What needs to be done: Quote exactly the lines from the start of the entries to the one with "X124565000Y-89025000D02*", both ends included.

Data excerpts
□ □ □ □
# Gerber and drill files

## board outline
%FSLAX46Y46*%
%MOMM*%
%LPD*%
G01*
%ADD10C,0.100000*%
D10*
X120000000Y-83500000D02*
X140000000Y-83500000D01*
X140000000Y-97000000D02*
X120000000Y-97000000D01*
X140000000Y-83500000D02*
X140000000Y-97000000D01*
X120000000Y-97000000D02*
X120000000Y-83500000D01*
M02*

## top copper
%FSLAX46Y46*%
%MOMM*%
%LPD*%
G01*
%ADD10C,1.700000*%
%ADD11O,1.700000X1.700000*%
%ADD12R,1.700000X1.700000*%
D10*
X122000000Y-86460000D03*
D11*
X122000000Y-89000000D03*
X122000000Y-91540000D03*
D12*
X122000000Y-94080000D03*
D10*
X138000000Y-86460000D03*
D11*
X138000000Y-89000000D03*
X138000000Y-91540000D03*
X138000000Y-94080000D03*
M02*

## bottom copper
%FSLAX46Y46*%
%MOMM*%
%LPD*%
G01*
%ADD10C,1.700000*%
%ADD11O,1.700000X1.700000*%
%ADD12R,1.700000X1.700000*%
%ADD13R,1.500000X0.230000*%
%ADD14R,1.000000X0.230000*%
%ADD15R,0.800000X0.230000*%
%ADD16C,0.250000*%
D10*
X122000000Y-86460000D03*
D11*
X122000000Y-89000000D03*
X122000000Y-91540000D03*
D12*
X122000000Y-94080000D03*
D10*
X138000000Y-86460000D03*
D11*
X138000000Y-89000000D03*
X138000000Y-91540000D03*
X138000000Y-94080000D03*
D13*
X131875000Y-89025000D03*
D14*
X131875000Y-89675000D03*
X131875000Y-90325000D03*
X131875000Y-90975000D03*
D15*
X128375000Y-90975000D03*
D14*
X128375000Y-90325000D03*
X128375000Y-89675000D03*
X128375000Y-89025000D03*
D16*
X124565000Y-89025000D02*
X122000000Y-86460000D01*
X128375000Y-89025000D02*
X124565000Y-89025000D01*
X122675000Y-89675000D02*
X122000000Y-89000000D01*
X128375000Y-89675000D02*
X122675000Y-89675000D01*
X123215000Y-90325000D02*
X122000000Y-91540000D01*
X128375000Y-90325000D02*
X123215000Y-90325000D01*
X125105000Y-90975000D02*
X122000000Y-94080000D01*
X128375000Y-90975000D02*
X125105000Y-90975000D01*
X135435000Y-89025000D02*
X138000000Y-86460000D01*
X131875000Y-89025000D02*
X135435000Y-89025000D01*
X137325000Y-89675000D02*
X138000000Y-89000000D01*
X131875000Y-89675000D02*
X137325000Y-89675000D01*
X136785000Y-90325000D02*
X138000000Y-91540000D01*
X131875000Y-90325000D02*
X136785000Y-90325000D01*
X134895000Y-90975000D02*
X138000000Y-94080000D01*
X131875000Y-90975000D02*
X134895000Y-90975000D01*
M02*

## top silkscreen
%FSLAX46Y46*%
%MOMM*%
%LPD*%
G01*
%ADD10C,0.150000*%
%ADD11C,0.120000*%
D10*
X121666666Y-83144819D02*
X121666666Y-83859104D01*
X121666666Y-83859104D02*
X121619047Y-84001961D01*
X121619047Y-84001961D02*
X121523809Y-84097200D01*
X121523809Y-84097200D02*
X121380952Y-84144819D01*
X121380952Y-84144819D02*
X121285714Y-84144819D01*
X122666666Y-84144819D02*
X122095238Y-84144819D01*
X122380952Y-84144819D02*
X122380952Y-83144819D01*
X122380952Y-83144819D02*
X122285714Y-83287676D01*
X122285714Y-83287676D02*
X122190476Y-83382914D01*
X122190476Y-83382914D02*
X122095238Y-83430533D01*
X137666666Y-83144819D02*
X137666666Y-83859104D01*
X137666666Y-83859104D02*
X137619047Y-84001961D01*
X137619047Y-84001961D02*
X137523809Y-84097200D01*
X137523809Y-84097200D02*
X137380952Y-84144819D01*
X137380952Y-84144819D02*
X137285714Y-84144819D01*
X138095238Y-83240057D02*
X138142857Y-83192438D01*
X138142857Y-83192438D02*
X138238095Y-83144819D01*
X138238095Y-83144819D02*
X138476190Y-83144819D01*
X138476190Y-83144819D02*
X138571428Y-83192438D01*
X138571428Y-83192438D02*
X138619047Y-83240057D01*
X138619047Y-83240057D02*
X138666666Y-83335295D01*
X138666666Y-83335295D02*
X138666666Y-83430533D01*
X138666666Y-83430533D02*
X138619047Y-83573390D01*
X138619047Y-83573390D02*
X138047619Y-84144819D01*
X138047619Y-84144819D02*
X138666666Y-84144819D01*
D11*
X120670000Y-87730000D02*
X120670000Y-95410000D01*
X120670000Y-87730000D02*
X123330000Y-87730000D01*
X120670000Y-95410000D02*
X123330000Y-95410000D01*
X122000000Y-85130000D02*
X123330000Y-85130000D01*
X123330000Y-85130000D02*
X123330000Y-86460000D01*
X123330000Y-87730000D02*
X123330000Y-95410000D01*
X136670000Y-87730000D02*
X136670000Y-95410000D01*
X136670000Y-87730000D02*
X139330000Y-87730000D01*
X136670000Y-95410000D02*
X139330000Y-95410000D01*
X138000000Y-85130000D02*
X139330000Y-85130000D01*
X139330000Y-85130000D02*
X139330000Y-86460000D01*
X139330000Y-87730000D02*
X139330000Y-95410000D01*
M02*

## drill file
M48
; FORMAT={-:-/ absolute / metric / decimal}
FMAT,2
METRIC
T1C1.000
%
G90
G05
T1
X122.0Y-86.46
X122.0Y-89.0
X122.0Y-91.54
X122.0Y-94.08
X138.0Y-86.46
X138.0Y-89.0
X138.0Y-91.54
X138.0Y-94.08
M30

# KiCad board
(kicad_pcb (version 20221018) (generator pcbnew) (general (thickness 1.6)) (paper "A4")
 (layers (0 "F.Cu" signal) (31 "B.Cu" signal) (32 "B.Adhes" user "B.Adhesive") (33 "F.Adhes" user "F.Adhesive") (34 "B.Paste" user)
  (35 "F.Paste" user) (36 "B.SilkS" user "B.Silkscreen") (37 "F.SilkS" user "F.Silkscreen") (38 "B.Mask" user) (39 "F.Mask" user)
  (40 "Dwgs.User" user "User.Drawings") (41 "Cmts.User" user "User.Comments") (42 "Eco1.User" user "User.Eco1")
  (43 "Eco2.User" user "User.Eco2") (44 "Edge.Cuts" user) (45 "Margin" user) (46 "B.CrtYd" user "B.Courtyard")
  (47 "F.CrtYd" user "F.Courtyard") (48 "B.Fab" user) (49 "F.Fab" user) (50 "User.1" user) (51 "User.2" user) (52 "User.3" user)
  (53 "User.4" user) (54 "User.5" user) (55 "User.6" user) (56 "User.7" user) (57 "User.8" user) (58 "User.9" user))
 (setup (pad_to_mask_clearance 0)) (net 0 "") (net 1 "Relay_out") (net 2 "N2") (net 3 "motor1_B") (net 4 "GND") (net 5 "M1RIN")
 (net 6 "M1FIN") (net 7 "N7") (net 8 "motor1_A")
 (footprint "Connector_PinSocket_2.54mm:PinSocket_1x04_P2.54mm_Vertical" (layer "F.Cu") (at 122 86.46)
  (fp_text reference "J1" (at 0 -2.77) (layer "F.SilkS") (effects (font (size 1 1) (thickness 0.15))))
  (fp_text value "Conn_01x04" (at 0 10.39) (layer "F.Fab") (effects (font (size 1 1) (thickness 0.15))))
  (fp_line (start -1.33 1.27) (end -1.33 8.95) (stroke (width 0.12) (type solid)) (layer "F.SilkS"))
  (fp_line (start -1.33 1.27) (end 1.33 1.27) (stroke (width 0.12) (type solid)) (layer "F.SilkS"))
  (fp_line (start -1.33 8.95) (end 1.33 8.95) (stroke (width 0.12) (type solid)) (layer "F.SilkS"))
  (fp_line (start 0 -1.33) (end 1.33 -1.33) (stroke (width 0.12) (type solid)) (layer "F.SilkS"))
  (fp_line (start 1.33 -1.33) (end 1.33 0) (stroke (width 0.12) (type solid)) (layer "F.SilkS"))
  (fp_line (start 1.33 1.27) (end 1.33 8.95) (stroke (width 0.12) (type solid)) (layer "F.SilkS"))
  (pad "1" thru_hole circle (at 0 0) (size 1.7 1.7) (drill 1) (layers "*.Cu" "*.Mask") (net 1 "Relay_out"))
  (pad "2" thru_hole oval (at 0 2.54) (size 1.7 1.7) (drill 1) (layers "*.Cu" "*.Mask") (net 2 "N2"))
  (pad "3" thru_hole oval (at 0 5.08) (size 1.7 1.7) (drill 1) (layers "*.Cu" "*.Mask") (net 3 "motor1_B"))
  (pad "4" thru_hole rect (at 0 7.62) (size 1.7 1.7) (drill 1) (layers "*.Cu" "*.Mask") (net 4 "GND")))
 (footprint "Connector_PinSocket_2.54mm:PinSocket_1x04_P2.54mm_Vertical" (layer "F.Cu") (at 138 86.46)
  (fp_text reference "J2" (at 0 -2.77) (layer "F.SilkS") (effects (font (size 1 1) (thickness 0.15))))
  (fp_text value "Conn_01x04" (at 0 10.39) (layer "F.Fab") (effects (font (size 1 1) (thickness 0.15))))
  (fp_line (start -1.33 1.27) (end -1.33 8.95) (stroke (width 0.12) (type solid)) (layer "F.SilkS"))
  (fp_line (start -1.33 1.27) (end 1.33 1.27) (stroke (width 0.12) (type solid)) (layer "F.SilkS"))
  (fp_line (start -1.33 8.95) (end 1.33 8.95) (stroke (width 0.12) (type solid)) (layer "F.SilkS"))
  (fp_line (start 0 -1.33) (end 1.33 -1.33) (stroke (width 0.12) (type solid)) (layer "F.SilkS"))
  (fp_line (start 1.33 -1.33) (end 1.33 0) (stroke (width 0.12) (type solid)) (layer "F.SilkS"))
  (fp_line (start 1.33 1.27) (end 1.33 8.95) (stroke (width 0.12) (type solid)) (layer "F.SilkS"))
  (pad "1" thru_hole circle (at 0 0) (size 1.7 1.7) (drill 1) (layers "*.Cu" "*.Mask") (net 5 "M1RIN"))
  (pad "2" thru_hole oval (at 0 2.54) (size 1.7 1.7) (drill 1) (layers "*.Cu" "*.Mask") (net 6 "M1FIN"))
  (pad "3" thru_hole oval (at 0 5.08) (size 1.7 1.7) (drill 1) (layers "*.Cu" "*.Mask") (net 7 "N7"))
  (pad "4" thru_hole oval (at 0 7.62) (size 1.7 1.7) (drill 1) (layers "*.Cu" "*.Mask") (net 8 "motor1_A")))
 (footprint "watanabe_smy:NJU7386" (layer "B.Cu") (at 127.875 90 -90)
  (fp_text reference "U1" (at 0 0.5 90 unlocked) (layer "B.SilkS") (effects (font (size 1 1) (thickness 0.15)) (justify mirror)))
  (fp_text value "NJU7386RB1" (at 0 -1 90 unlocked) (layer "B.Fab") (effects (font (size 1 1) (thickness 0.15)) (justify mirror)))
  (pad "1" smd rect (at -0.975 -4 270) (size 0.23 1.5) (layers "B.Cu" "B.Paste" "B.Mask") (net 5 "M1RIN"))
  (pad "2" smd rect (at -0.325 -4 270) (size 0.23 1) (layers "B.Cu" "B.Paste" "B.Mask") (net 6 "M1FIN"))
  (pad "3" smd rect (at 0.325 -4 270) (size 0.23 1) (layers "B.Cu" "B.Paste" "B.Mask") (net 7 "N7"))
  (pad "4" smd rect (at 0.975 -4 270) (size 0.23 1) (layers "B.Cu" "B.Paste" "B.Mask") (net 8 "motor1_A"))
  (pad "5" smd rect (at 0.975 -0.5 270) (size 0.23 0.8) (layers "B.Cu" "B.Paste" "B.Mask") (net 4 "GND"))
  (pad "6" smd rect (at 0.325 -0.5 270) (size 0.23 1) (layers "B.Cu" "B.Paste" "B.Mask") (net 3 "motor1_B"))
  (pad "7" smd rect (at -0.325 -0.5 270) (size 0.23 1) (layers "B.Cu" "B.Paste" "B.Mask") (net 2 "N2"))
  (pad "8" smd rect (at -0.975 -0.5 270) (size 0.23 1) (layers "B.Cu" "B.Paste" "B.Mask") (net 1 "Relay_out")))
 (gr_line (start 120 83.5) (end 140 83.5) (stroke (width 0.1) (type default)) (layer "Edge.Cuts"))
 (gr_line (start 140 97) (end 120 97) (stroke (width 0.1) (type default)) (layer "Edge.Cuts"))
 (gr_line (start 140 83.5) (end 140 97) (stroke (width 0.1) (type default)) (layer "Edge.Cuts"))
 (gr_line (start 120 97) (end 120 83.5) (stroke (width 0.1) (type default)) (layer "Edge.Cuts"))
 (segment (start 124.565 89.025) (end 122 86.46) (width 0.25) (layer "B.Cu") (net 1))
 (segment (start 128.375 89.025) (end 124.565 89.025) (width 0.25) (layer "B.Cu") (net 1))
 (segment (start 122.675 89.675) (end 122 89) (width 0.25) (layer "B.Cu") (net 2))
 (segment (start 128.375 89.675) (end 122.675 89.675) (width 0.25) (layer "B.Cu") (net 2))
 (segment (start 123.215 90.325) (end 122 91.54) (width 0.25) (layer "B.Cu") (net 3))
 (segment (start 128.375 90.325) (end 123.215 90.325) (width 0.25) (layer "B.Cu") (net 3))
 (segment (start 125.105 90.975) (end 122 94.08) (width 0.25) (layer "B.Cu") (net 4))
 (segment (start 128.375 90.975) (end 125.105 90.975) (width 0.25) (layer "B.Cu") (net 4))
 (segment (start 135.435 89.025) (end 138 86.46) (width 0.25) (layer "B.Cu") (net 5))
 (segment (start 131.875 89.025) (end 135.435 89.025) (width 0.25) (layer "B.Cu") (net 5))
 (segment (start 137.325 89.675) (end 138 89) (width 0.25) (layer "B.Cu") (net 6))
 (segment (start 131.875 89.675) (end 137.325 89.675) (width 0.25) (layer "B.Cu") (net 6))
 (segment (start 136.785 90.325) (end 138 91.54) (width 0.25) (layer "B.Cu") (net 7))
 (segment (start 131.875 90.325) (end 136.785 90.325) (width 0.25) (layer "B.Cu") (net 7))
 (segment (start 134.895 90.975) (end 138 94.08) (width 0.25) (layer "B.Cu") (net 8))
 (segment (start 131.875 90.975) (end 134.895 90.975) (width 0.25) (layer "B.Cu") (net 8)))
□ □ □ □
Exercise output:
# Gerber and drill files

## board outline
%FSLAX46Y46*%
%MOMM*%
%LPD*%
G01*
%ADD10C,0.100000*%
D10*
X120000000Y-83500000D02*
X140000000Y-83500000D01*
X140000000Y-97000000D02*
X120000000Y-97000000D01*
X140000000Y-83500000D02*
X140000000Y-97000000D01*
X120000000Y-97000000D02*
X120000000Y-83500000D01*
M02*

## top copper
%FSLAX46Y46*%
%MOMM*%
%LPD*%
G01*
%ADD10C,1.700000*%
%ADD11O,1.700000X1.700000*%
%ADD12R,1.700000X1.700000*%
D10*
X122000000Y-86460000D03*
D11*
X122000000Y-89000000D03*
X122000000Y-91540000D03*
D12*
X122000000Y-94080000D03*
D10*
X138000000Y-86460000D03*
D11*
X138000000Y-89000000D03*
X138000000Y-91540000D03*
X138000000Y-94080000D03*
M02*

## bottom copper
%FSLAX46Y46*%
%MOMM*%
%LPD*%
G01*
%ADD10C,1.700000*%
%ADD11O,1.700000X1.700000*%
%ADD12R,1.700000X1.700000*%
%ADD13R,1.500000X0.230000*%
%ADD14R,1.000000X0.230000*%
%ADD15R,0.800000X0.230000*%
%ADD16C,0.250000*%
D10*
X122000000Y-86460000D03*
D11*
X122000000Y-89000000D03*
X122000000Y-91540000D03*
D12*
X122000000Y-94080000D03*
D10*
X138000000Y-86460000D03*
D11*
X138000000Y-89000000D03*
X138000000Y-91540000D03*
X138000000Y-94080000D03*
D13*
X131875000Y-89025000D03*
D14*
X131875000Y-89675000D03*
X131875000Y-90325000D03*
X131875000Y-90975000D03*
D15*
X128375000Y-90975000D03*
D14*
X128375000Y-90325000D03*
X128375000Y-89675000D03*
X128375000Y-89025000D03*
D16*
X124565000Y-89025000D02*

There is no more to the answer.